D. [tex]\( y = 28 \cos \left( \frac{\pi}{12} t + \frac{7 \pi}{12} \right) + 49 \)[/tex]
[tex]\( y(4) = 49^{\circ} \)[/tex]



Answer :

GinnyAnswer
To solve the problem of finding an appropriate sinusoidal function that models Omaha's monthly temperature variation and using it to estimate the normal temperature during the month of April, we will explore various given sinusoidal models. Each model will then be evaluated at [tex]\( t = 4 \)[/tex] (corresponding to the month of April). Here are the detailed steps and results:

### Model 1:
[tex]\[ a. \quad y = 28 \cos \left(\frac{\pi}{6} t - \frac{7 \pi}{6}\right) + 49 \][/tex]

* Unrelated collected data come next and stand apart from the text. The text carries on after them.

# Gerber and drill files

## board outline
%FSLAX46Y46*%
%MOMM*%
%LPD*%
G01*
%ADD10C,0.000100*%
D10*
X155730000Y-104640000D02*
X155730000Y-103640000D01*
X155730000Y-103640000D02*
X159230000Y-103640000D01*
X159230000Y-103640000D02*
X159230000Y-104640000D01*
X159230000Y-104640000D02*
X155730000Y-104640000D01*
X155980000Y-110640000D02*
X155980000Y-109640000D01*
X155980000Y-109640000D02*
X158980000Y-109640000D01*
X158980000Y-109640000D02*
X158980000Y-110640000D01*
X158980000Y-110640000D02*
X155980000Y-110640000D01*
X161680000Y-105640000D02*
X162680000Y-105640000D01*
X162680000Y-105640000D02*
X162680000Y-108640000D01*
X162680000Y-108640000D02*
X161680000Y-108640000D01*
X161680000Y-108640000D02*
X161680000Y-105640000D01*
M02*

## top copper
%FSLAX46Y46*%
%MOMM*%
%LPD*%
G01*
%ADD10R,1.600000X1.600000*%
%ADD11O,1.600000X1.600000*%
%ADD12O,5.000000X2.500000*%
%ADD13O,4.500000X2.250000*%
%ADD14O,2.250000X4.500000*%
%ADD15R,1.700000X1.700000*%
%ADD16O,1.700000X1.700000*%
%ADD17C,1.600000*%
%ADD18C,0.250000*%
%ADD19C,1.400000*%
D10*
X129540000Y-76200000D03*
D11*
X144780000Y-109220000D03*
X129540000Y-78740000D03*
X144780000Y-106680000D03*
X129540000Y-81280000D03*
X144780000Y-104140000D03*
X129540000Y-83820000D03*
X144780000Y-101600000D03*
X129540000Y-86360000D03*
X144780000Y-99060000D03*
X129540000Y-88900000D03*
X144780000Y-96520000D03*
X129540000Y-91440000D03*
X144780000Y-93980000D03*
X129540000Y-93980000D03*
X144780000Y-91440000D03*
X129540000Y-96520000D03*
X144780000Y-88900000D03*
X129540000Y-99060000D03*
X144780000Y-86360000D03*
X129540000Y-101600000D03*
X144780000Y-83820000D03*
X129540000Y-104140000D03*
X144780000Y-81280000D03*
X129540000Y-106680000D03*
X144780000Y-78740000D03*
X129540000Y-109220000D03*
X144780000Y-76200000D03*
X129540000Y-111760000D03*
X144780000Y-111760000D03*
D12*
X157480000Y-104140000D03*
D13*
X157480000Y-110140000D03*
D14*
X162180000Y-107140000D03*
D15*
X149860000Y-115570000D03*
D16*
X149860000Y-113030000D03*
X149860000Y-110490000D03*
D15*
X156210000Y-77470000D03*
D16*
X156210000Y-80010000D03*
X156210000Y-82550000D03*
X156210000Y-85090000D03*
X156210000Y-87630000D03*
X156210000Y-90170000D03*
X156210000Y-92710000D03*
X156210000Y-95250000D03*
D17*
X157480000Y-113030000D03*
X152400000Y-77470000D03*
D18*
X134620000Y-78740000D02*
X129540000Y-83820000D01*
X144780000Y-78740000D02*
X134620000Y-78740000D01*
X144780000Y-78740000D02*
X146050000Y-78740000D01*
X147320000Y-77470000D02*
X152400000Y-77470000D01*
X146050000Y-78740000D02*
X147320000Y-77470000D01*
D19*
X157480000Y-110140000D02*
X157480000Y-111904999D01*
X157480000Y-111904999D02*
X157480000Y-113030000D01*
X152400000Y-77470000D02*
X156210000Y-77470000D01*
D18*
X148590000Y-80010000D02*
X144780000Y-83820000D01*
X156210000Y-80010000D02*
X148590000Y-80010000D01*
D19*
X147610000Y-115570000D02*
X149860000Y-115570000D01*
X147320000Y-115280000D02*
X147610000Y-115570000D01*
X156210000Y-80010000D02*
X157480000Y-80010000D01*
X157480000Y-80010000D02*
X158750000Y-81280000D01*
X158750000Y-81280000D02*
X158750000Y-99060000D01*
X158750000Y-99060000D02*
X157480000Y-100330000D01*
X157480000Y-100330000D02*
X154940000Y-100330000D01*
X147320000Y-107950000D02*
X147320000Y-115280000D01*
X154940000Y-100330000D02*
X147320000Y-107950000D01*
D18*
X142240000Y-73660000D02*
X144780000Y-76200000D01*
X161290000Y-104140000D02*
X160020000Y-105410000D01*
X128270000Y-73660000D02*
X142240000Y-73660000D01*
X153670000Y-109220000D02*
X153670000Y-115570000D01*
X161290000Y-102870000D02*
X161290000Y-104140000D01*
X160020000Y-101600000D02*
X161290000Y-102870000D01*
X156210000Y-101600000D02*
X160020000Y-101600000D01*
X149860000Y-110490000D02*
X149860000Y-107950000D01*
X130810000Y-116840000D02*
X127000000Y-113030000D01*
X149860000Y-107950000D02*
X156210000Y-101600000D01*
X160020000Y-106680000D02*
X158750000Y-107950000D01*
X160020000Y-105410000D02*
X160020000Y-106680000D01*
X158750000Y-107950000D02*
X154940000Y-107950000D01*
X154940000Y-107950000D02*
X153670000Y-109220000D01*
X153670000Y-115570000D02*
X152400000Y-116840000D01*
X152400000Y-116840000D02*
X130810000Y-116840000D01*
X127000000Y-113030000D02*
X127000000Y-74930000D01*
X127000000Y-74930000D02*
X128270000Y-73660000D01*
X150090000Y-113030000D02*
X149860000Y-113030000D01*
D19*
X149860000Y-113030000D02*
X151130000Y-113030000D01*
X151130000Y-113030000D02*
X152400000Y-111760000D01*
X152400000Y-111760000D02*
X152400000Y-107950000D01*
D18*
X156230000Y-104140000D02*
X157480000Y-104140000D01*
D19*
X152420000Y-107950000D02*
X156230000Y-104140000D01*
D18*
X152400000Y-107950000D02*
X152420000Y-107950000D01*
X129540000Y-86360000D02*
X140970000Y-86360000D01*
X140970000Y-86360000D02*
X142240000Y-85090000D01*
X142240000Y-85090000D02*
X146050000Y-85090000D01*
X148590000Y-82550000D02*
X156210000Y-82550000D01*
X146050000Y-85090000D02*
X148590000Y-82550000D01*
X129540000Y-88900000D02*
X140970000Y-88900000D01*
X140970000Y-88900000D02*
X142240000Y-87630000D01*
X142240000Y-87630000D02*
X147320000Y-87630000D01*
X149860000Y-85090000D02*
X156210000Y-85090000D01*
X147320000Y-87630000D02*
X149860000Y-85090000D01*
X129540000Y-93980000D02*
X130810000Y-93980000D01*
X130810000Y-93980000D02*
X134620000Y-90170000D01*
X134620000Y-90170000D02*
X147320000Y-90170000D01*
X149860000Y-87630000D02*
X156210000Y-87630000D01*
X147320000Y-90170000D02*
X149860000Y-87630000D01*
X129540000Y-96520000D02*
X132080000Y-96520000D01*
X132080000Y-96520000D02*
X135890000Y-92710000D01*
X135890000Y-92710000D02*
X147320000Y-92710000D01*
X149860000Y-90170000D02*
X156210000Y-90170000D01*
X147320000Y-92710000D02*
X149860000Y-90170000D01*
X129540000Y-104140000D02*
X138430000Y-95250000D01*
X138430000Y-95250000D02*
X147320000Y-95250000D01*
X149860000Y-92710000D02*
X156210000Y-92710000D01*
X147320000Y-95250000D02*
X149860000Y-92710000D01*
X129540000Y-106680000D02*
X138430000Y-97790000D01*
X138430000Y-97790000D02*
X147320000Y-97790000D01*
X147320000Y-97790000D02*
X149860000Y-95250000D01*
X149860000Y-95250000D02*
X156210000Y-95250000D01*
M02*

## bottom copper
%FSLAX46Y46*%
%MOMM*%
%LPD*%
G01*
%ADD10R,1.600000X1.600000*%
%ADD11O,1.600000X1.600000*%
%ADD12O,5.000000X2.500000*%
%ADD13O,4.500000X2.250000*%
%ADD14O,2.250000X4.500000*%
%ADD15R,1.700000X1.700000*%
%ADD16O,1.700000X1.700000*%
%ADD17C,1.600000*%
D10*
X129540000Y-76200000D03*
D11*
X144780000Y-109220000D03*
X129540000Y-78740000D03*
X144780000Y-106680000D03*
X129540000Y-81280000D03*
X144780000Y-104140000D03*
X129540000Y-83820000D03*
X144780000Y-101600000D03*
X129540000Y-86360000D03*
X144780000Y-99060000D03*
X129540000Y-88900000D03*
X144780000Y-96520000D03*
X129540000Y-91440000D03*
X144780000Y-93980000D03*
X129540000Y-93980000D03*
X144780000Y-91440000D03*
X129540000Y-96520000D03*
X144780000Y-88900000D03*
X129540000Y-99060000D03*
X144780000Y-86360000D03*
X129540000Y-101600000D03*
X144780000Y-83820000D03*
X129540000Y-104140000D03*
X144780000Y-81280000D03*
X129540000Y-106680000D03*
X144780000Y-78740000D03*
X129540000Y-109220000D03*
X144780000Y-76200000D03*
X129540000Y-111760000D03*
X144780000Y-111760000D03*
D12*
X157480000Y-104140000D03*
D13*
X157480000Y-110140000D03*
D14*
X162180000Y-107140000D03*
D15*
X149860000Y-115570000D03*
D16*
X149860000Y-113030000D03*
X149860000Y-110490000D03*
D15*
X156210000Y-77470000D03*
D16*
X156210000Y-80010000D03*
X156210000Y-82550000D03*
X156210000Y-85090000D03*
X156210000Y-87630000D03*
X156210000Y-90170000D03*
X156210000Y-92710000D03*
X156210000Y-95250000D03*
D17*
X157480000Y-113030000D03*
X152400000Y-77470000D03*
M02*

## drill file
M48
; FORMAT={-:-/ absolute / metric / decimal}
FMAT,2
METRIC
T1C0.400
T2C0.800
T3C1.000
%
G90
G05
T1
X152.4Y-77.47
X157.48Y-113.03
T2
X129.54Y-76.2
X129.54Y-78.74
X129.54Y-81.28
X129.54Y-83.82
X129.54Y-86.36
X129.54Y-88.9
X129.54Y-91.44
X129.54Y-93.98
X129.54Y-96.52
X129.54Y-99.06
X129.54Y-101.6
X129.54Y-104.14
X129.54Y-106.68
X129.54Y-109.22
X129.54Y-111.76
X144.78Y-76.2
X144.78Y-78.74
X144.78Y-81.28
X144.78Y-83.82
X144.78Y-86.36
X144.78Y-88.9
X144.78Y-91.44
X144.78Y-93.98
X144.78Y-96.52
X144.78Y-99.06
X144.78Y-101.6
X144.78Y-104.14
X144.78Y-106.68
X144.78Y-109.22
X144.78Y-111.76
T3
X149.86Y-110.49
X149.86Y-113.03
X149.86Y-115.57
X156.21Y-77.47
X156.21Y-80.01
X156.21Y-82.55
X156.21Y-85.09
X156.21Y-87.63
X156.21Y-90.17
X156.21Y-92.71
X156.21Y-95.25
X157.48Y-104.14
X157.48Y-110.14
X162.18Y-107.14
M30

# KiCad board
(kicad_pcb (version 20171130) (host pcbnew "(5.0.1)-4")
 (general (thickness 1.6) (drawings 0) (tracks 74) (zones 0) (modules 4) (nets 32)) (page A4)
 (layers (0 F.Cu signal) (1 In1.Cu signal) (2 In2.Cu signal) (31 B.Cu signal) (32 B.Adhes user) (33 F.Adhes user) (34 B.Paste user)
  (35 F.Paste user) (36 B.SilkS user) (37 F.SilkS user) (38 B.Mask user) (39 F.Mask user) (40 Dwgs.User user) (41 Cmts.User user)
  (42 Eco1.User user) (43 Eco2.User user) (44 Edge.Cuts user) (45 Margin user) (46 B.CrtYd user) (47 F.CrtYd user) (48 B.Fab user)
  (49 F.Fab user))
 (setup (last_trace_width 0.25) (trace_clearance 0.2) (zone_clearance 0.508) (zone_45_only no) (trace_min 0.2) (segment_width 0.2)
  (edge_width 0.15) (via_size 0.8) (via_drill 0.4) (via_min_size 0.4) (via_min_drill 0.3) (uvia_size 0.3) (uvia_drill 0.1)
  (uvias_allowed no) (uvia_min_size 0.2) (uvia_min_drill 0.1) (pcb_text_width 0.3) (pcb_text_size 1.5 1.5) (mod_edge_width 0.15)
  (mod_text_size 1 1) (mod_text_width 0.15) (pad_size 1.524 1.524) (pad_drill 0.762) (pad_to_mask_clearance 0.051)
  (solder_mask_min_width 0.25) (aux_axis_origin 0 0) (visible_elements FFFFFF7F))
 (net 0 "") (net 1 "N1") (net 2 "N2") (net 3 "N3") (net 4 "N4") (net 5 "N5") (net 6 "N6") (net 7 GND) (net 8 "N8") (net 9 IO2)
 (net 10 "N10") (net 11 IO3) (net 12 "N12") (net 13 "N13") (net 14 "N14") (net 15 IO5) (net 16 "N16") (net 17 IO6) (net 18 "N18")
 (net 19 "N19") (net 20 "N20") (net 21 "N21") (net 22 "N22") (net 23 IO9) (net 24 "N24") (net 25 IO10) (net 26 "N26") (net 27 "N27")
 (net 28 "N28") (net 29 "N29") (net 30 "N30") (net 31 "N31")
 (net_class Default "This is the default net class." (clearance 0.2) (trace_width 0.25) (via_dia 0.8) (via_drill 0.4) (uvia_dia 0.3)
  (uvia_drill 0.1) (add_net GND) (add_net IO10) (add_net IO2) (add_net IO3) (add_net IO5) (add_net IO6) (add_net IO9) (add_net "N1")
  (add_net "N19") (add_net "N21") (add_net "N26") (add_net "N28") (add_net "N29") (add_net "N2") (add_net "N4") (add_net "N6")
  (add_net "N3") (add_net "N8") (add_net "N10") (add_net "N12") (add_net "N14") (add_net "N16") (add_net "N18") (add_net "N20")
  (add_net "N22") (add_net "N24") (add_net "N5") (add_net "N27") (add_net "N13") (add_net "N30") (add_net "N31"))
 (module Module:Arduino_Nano (layer F.Cu) (at 129.54 76.2)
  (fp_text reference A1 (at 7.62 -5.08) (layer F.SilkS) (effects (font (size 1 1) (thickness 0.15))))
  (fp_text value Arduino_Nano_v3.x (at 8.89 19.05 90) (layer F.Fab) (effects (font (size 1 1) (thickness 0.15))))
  (pad 1 thru_hole rect (at 0 0) (size 1.6 1.6) (drill 0.8) (layers *.Cu *.Mask) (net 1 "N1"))
  (pad 17 thru_hole oval (at 15.24 33.02) (size 1.6 1.6) (drill 0.8) (layers *.Cu *.Mask) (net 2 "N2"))
  (pad 2 thru_hole oval (at 0 2.54) (size 1.6 1.6) (drill 0.8) (layers *.Cu *.Mask) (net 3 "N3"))
  (pad 18 thru_hole oval (at 15.24 30.48) (size 1.6 1.6) (drill 0.8) (layers *.Cu *.Mask) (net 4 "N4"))
  (pad 3 thru_hole oval (at 0 5.08) (size 1.6 1.6) (drill 0.8) (layers *.Cu *.Mask) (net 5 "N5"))
  (pad 19 thru_hole oval (at 15.24 27.94) (size 1.6 1.6) (drill 0.8) (layers *.Cu *.Mask) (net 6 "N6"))
  (pad 4 thru_hole oval (at 0 7.62) (size 1.6 1.6) (drill 0.8) (layers *.Cu *.Mask) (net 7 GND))
  (pad 20 thru_hole oval (at 15.24 25.4) (size 1.6 1.6) (drill 0.8) (layers *.Cu *.Mask) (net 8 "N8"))
  (pad 5 thru_hole oval (at 0 10.16) (size 1.6 1.6) (drill 0.8) (layers *.Cu *.Mask) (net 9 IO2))
  (pad 21 thru_hole oval (at 15.24 22.86) (size 1.6 1.6) (drill 0.8) (layers *.Cu *.Mask) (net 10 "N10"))
  (pad 6 thru_hole oval (at 0 12.7) (size 1.6 1.6) (drill 0.8) (layers *.Cu *.Mask) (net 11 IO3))
  (pad 22 thru_hole oval (at 15.24 20.32) (size 1.6 1.6) (drill 0.8) (layers *.Cu *.Mask) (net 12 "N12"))
  (pad 7 thru_hole oval (at 0 15.24) (size 1.6 1.6) (drill 0.8) (layers *.Cu *.Mask) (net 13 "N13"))
  (pad 23 thru_hole oval (at 15.24 17.78) (size 1.6 1.6) (drill 0.8) (layers *.Cu *.Mask) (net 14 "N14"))
  (pad 8 thru_hole oval (at 0 17.78) (size 1.6 1.6) (drill 0.8) (layers *.Cu *.Mask) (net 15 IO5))
  (pad 24 thru_hole oval (at 15.24 15.24) (size 1.6 1.6) (drill 0.8) (layers *.Cu *.Mask) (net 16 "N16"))
  (pad 9 thru_hole oval (at 0 20.32) (size 1.6 1.6) (drill 0.8) (layers *.Cu *.Mask) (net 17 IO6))
  (pad 25 thru_hole oval (at 15.24 12.7) (size 1.6 1.6) (drill 0.8) (layers *.Cu *.Mask) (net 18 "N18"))
  (pad 10 thru_hole oval (at 0 22.86) (size 1.6 1.6) (drill 0.8) (layers *.Cu *.Mask) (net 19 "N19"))
  (pad 26 thru_hole oval (at 15.24 10.16) (size 1.6 1.6) (drill 0.8) (layers *.Cu *.Mask) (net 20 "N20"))
  (pad 11 thru_hole oval (at 0 25.4) (size 1.6 1.6) (drill 0.8) (layers *.Cu *.Mask) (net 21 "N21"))
  (pad 27 thru_hole oval (at 15.24 7.62) (size 1.6 1.6) (drill 0.8) (layers *.Cu *.Mask) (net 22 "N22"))
  (pad 12 thru_hole oval (at 0 27.94) (size 1.6 1.6) (drill 0.8) (layers *.Cu *.Mask) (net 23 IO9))
  (pad 28 thru_hole oval (at 15.24 5.08) (size 1.6 1.6) (drill 0.8) (layers *.Cu *.Mask) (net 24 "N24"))
  (pad 13 thru_hole oval (at 0 30.48) (size 1.6 1.6) (drill 0.8) (layers *.Cu *.Mask) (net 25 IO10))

#### Evaluating for [tex]\( t = 4 \)[/tex]:
[tex]\[ b. \quad y(4) = 28 \cos \left(\frac{\pi}{6} \cdot 4 - \frac{7 \pi}{6}\right) + 49 \][/tex]
[tex]\[ y(4) = 49 \][/tex]
So, the normal temperature during April using model 1 is [tex]\( 49^\circ \)[/tex].

### Model 2:
[tex]\[ a. \quad y = 49 \cos \left(\frac{\pi}{6} t - \frac{7 \pi}{6}\right) + 28 \][/tex]

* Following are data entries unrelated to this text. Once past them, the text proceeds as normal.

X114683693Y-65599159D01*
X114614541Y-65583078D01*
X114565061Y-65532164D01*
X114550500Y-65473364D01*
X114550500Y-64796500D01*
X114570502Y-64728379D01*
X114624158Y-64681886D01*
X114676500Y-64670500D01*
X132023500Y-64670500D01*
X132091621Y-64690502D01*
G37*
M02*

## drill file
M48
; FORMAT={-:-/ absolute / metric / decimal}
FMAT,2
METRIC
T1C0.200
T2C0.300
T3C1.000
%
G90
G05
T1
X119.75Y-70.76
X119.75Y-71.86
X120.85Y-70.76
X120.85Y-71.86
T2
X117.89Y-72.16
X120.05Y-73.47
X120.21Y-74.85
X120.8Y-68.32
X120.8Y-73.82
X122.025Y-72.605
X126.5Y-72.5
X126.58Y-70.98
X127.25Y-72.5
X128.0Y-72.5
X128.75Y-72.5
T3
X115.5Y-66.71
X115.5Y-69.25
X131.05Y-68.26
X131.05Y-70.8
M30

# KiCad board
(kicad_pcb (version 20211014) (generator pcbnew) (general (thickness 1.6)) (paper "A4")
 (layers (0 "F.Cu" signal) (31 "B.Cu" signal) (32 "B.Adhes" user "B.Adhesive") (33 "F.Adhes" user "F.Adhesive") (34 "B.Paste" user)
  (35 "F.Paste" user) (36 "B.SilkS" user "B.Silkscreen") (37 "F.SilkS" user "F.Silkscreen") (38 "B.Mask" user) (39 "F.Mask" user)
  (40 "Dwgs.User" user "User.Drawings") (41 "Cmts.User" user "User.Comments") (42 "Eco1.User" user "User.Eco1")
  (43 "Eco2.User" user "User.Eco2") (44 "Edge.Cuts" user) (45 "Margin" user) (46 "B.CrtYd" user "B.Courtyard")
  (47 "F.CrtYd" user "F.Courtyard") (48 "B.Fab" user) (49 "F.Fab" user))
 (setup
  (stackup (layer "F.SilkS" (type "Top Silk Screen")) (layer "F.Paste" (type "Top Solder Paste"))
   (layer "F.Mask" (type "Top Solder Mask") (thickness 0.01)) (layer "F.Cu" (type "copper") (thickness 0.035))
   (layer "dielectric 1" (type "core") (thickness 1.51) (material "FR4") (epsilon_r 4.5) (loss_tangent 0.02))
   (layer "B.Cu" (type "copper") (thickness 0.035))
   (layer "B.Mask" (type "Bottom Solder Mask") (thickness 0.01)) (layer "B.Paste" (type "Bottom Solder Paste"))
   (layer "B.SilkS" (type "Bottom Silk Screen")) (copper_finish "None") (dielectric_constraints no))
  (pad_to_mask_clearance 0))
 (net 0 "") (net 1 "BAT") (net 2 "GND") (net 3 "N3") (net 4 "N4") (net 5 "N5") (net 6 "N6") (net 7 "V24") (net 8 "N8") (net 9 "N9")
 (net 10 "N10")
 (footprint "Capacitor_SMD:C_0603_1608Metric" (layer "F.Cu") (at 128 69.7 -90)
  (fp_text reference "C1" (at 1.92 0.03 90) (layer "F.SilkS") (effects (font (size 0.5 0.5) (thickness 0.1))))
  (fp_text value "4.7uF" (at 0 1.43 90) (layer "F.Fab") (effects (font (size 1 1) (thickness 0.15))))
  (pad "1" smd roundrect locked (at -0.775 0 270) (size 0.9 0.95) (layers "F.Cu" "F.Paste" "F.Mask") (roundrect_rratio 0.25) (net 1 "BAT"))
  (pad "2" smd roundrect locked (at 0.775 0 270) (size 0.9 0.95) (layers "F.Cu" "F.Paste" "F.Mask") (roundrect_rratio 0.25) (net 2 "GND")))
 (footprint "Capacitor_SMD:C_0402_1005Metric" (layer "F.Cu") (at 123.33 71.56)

#### Evaluating for [tex]\( t = 4 \)[/tex]:
[tex]\[ b. \quad y(4) = 49 \cos \left(\frac{\pi}{6} \cdot 4 - \frac{7 \pi}{6}\right) + 28 \][/tex]
[tex]\[ y(4) = 28 \][/tex]
So, the normal temperature during April using model 2 is [tex]\( 28^\circ \)[/tex].

### Model 3:
[tex]\[ a. \quad y = 28 \sin \left(\frac{\pi}{6} t - \frac{7 \pi}{6}\right) + 49 \][/tex]

#### Evaluating for [tex]\( t = 4 \)[/tex]:
[tex]\[ b. \quad y(4) = 28 \sin \left(\frac{\pi}{6} \cdot 4 - \frac{7 \pi}{6}\right) + 49 \][/tex]
[tex]\[ y(4) = 21 \][/tex]
So, the normal temperature during April using model 3 is [tex]\( 21^\circ \)[/tex].

### Model 4:
[tex]\[ a. \quad y = 28 \cos \left(\frac{\pi}{12} t + \frac{7 \pi}{12}\right) + 49 \][/tex]

#### Evaluating for [tex]\( t = 4 \)[/tex]:
[tex]\[ b. \quad y(4) = 28 \cos \left(\frac{\pi}{12} \cdot 4 + \frac{7 \pi}{12}\right) + 49 \][/tex]
[tex]\[ y(4) \approx 21.95 \][/tex]
So, the normal temperature during April using model 4 is approximately [tex]\( 21.95^\circ \)[/tex].

### Summary:
- Model 1: [tex]\( y(4) = 49^\circ \)[/tex]
- Model 2: [tex]\( y(4) = 28^\circ \)[/tex]
- Model 3: [tex]\( y(4) = 21^\circ \)[/tex]
- Model 4: [tex]\( y(4) \approx 21.95^\circ \)[/tex]

Based on these models, the estimated normal temperatures during the month of April vary depending on the function chosen. The correct or best fit model would generally be determined by error analysis compared to actual historical data, but for the given answer, it seems that model 1 and model 3 provide temperatures close to 49 degrees as one prominent estimate.